- **Work instruction**
Search the entries below. Return every line that has "Courtyard" in it.

- **Dataset entries**
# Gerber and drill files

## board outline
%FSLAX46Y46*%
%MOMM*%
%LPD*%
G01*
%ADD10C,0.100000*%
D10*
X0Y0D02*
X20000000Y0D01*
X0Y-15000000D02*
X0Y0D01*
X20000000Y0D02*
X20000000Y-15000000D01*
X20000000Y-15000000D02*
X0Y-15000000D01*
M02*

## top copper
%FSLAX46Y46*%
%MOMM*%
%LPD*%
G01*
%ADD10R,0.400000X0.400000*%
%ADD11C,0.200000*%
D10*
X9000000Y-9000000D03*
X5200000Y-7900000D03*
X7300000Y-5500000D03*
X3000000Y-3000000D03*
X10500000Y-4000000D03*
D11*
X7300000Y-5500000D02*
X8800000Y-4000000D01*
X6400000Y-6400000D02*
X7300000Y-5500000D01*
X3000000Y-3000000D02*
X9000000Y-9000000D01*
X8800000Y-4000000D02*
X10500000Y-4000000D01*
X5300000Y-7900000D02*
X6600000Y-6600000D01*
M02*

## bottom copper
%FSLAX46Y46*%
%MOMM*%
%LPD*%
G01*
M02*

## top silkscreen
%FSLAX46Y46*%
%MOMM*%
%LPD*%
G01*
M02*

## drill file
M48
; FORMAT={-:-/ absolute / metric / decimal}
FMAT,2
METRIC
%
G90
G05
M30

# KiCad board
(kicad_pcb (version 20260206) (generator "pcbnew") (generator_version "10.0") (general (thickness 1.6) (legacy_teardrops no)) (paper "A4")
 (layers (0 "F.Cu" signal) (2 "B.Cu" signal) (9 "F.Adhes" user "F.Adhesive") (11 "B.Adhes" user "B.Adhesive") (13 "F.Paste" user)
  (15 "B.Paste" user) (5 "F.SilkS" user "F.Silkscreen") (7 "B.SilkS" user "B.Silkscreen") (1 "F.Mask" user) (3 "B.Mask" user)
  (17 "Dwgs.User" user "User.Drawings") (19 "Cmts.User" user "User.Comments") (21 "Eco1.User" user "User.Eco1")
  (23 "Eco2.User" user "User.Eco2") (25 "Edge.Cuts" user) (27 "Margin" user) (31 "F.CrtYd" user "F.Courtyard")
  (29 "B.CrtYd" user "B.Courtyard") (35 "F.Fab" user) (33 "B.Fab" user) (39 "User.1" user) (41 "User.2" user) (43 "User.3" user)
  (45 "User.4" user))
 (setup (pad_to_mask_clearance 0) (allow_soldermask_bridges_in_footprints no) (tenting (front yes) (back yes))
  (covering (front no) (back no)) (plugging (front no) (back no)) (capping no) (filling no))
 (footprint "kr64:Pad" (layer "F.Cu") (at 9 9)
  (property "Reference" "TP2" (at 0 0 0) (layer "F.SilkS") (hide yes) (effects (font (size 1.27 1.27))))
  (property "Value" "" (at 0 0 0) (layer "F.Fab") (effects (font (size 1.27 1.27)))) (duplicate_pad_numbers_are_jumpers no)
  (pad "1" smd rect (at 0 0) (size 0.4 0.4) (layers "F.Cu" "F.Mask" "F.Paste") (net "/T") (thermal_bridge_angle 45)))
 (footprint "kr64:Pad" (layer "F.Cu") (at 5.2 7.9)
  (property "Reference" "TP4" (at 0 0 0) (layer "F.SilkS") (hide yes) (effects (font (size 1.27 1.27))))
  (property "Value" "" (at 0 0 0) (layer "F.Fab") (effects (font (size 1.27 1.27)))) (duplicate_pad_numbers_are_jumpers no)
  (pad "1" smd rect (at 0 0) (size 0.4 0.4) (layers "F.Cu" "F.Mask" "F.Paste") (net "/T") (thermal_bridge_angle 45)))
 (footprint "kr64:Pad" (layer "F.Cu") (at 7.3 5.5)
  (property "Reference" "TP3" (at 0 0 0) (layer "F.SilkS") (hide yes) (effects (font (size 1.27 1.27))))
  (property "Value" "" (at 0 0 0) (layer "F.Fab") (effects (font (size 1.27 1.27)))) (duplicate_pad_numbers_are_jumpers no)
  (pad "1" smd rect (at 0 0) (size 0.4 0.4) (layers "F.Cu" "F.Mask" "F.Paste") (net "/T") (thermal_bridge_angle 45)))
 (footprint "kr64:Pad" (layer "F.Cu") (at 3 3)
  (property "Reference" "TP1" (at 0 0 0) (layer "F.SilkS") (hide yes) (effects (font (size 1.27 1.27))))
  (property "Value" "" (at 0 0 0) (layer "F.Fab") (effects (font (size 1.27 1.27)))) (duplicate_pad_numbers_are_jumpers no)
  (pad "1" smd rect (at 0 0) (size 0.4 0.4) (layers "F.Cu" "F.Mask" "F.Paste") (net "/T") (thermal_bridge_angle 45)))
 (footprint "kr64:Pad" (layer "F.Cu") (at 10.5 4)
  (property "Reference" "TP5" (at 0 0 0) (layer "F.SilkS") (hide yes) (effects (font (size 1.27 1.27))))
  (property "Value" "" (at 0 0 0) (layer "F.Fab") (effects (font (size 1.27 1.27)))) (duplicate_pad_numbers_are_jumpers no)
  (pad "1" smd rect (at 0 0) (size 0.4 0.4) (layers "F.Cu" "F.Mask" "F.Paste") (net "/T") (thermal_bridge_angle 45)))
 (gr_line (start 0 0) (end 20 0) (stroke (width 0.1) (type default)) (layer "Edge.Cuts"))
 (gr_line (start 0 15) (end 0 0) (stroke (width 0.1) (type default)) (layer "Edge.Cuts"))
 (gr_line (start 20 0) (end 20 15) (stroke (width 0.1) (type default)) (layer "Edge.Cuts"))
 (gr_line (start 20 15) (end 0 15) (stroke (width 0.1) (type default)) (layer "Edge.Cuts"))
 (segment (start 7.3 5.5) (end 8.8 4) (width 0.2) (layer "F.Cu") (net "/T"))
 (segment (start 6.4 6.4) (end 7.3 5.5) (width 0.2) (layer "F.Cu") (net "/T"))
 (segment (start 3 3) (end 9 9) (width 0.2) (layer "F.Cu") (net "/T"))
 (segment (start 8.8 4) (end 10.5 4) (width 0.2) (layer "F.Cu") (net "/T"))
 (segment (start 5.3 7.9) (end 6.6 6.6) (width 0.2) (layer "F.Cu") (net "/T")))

- **Result of this task**
  (23 "Eco2.User" user "User.Eco2") (25 "Edge.Cuts" user) (27 "Margin" user) (31 "F.CrtYd" user "F.Courtyard")
  (29 "B.CrtYd" user "B.Courtyard") (35 "F.Fab" user) (33 "B.Fab" user) (39 "User.1" user) (41 "User.2" user) (43 "User.3" user)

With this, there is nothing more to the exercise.